Those new Tasers are almost 400.00 ! wow, thats more than the m-18 taser I bought , which like the police model I can deploy 5 sec bursts repeatedly.  The difference in the new one is "shaped charge" ... supposed to be slightly more effective I guess....   

  But that one time use sucks....you could easily miss with one probe. With the M-18 you can just throw another "clip" in...multiple use....and it's cheaper. I don't get it.  Maybe they don't sell the M-18 anynore ?


----------



## Andy Moynihan (Oct 19, 2007)

The only reason I carry pepper spray is so I have a nonlethal alternative to drawing the forty-five.

(Read: So that after I use the spray and it fails miserably, it looks better in  court to show I exhausted all nonlethal means before I tried to continue to escape, he continued to pursue and forced me to shoot him).


----------



## Batleth (Oct 21, 2007)

Primal,

As an ER Nurse and Paramedic I can tell you that if your wife has asthma stay away from any kind of incapicating spray that's currently on the market. Those chemicals, including capsicum and conventional mace play hell with anyone who has some kind of reactive airway disease. Even a small "whiff" that probably wouldn't bother you or me could cause your wife's asthma to react. 
I agree the previous poster who mentioned the tactical flashlight. Then there's always the Spyderco Delica, I picked up one for my wife years ago that was a purty pink and evy thang.


----------



## still learning (Oct 21, 2007)

Kreth said:


> So you're just handicapping the law-abiding citizen.


 
Hello, It is our Hawaii Law makers...that decide this along with the police departments.

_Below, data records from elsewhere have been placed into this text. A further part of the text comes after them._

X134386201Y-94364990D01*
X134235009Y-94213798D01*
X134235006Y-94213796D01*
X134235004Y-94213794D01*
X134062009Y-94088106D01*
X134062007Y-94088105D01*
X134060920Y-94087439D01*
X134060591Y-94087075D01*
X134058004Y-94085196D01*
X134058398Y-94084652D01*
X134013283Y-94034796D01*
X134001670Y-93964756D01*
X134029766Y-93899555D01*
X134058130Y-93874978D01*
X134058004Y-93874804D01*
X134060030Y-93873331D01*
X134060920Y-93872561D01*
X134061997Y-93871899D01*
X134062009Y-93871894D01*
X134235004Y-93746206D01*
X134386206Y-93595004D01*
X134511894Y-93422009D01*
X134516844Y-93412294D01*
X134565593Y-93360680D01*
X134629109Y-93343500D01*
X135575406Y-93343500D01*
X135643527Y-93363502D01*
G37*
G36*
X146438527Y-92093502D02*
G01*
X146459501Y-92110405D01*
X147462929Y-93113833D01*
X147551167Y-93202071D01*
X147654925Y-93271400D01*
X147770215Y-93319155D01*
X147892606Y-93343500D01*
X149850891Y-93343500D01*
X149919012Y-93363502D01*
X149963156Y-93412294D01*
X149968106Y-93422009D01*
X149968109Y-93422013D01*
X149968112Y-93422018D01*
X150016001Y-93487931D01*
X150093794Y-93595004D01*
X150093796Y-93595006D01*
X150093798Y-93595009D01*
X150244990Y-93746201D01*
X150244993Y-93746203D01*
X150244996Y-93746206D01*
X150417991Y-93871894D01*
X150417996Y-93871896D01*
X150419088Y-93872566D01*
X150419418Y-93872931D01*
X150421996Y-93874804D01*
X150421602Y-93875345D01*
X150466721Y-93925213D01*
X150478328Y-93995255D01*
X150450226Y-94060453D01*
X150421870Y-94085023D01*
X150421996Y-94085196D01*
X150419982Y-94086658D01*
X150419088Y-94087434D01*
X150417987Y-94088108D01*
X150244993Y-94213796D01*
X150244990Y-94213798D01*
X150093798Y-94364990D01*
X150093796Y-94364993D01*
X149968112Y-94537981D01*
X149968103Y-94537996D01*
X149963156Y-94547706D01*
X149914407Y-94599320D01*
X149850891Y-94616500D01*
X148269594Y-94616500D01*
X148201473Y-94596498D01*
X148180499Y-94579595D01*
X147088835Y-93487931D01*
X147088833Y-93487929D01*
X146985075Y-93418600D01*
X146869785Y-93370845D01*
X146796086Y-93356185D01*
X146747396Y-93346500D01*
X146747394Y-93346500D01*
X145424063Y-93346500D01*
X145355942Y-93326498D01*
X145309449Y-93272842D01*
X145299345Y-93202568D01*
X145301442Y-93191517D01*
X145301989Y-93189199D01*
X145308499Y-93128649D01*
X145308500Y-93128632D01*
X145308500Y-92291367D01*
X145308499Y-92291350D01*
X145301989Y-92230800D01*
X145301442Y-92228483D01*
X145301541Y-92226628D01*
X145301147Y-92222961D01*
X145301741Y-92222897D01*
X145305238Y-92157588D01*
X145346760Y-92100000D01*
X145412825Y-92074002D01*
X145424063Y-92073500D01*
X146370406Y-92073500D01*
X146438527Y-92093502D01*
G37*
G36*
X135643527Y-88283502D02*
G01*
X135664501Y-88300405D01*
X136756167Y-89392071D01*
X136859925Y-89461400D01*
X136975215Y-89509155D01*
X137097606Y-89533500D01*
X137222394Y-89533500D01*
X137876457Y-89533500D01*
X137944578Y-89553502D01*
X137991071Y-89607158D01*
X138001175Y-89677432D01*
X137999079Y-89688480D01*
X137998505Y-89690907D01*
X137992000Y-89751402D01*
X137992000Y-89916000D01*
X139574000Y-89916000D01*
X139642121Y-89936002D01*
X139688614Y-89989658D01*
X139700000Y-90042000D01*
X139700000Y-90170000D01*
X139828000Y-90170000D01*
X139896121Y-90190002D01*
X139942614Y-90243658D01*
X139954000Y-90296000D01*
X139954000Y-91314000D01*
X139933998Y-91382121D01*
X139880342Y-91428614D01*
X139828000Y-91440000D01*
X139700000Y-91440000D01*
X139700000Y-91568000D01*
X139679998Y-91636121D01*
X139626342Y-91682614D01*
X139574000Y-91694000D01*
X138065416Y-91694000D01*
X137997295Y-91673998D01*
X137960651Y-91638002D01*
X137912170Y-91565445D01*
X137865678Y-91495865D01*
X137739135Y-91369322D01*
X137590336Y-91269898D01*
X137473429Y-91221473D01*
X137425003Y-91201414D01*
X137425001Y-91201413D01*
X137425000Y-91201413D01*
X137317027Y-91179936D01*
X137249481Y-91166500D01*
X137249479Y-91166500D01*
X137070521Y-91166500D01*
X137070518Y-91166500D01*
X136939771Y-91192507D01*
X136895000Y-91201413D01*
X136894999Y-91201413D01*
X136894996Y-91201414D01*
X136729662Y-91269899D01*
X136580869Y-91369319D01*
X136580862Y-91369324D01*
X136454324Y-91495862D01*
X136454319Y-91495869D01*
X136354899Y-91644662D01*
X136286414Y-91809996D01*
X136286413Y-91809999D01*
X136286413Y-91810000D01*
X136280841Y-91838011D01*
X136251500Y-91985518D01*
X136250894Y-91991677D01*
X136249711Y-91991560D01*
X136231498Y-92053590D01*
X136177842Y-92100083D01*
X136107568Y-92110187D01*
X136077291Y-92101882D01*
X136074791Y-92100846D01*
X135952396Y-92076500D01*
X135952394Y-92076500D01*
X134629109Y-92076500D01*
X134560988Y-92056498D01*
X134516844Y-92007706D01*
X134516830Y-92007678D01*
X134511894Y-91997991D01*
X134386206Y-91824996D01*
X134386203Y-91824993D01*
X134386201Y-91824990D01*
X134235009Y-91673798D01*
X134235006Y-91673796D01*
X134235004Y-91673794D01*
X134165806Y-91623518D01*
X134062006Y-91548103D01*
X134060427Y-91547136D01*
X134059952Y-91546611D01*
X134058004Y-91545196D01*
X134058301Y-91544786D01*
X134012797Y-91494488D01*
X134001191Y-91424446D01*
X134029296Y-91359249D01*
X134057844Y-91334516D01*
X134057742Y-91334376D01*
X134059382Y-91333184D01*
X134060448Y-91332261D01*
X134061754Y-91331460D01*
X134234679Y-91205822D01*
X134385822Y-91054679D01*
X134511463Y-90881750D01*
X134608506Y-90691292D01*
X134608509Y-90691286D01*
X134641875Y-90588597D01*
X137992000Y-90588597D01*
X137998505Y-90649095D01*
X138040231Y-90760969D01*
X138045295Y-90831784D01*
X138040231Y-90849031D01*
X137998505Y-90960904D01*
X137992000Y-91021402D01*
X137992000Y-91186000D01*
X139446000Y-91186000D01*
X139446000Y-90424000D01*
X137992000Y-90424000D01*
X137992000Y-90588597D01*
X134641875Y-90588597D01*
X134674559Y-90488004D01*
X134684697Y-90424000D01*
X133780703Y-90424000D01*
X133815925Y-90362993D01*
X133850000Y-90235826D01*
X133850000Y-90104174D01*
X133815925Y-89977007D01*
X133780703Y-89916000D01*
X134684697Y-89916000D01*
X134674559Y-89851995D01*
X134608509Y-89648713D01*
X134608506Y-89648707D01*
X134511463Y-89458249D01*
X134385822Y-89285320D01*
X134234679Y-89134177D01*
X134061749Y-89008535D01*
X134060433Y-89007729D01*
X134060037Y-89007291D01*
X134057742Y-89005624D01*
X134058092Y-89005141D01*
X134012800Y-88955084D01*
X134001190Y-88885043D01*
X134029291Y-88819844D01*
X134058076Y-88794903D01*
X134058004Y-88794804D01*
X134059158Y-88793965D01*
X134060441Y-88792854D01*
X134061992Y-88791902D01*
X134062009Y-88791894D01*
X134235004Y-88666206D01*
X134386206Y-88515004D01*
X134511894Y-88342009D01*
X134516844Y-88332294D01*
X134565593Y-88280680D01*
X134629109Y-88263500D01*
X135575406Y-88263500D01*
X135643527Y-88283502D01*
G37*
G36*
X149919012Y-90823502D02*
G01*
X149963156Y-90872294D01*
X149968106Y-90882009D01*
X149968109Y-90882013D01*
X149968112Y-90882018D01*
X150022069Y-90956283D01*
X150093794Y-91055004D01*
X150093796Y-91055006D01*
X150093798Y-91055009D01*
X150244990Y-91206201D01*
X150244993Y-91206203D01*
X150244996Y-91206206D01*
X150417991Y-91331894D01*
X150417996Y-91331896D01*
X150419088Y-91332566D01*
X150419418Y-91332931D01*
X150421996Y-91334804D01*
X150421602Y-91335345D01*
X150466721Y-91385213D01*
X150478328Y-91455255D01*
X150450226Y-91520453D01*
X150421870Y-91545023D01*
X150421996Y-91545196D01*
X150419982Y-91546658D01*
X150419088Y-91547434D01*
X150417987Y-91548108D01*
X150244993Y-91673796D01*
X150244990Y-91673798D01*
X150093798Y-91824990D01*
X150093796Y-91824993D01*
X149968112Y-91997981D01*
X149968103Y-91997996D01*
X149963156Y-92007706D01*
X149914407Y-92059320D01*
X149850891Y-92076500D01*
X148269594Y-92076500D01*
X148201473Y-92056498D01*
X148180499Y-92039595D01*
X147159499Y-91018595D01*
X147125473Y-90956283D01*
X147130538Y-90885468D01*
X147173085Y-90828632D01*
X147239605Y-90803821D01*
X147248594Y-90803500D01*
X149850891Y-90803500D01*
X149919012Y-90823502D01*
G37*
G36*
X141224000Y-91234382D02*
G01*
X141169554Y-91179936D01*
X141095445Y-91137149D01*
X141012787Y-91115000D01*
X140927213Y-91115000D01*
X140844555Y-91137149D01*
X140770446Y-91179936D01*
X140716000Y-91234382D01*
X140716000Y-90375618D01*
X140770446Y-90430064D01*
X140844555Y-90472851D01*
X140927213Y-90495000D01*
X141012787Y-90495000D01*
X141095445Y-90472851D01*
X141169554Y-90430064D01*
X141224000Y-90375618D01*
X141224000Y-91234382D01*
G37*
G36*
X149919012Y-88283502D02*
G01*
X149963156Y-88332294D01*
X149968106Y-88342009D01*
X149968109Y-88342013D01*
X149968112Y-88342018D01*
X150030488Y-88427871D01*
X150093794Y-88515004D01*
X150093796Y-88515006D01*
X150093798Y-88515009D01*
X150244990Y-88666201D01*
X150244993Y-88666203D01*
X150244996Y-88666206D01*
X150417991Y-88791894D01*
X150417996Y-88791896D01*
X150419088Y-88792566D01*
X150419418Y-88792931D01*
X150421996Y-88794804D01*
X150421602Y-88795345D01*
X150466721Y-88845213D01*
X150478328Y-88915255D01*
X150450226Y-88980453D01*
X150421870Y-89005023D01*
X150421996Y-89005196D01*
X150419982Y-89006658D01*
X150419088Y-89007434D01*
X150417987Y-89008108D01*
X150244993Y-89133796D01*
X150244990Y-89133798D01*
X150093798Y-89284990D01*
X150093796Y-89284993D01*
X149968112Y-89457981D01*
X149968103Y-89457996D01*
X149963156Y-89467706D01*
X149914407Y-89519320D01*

Many Hawaii citizens wish we could be legal to carry and use them!   Even those electric shock guns too!  It is our local government that makes them illegal to carry or buy!

In Hawaii to carry a conceal gun permits....are very, very hard to get over here....yet it is easy to buy guns, but  not allow to carry them is the problem part.

Aloha,


----------



## Primal Kuen (Oct 25, 2007)

still learning said:


> Hello, It is our Hawaii Law makers...that decide this along with the police departments.
> 
> Many Hawaii citizens wish we could be legal to carry and use them! Even those electric shock guns too! It is our local government that makes them illegal to carry or buy!
> 
> ...


 
  The "lawmakers" are not independant of the citezens....since you guys are voting them in for their term. From what I understand Hawaii is not all that safe... with a huge drug problem , ie ice etc. 
  We as citezens of the united states have a right to bare arms... let alone freakin pepper spray. 
   However...the government will do whatever the ppl allow them to do. In Texas...we do'nt stand for those rights to be taken away. Simply put, they will represent what the citizens want, or they will not get votes.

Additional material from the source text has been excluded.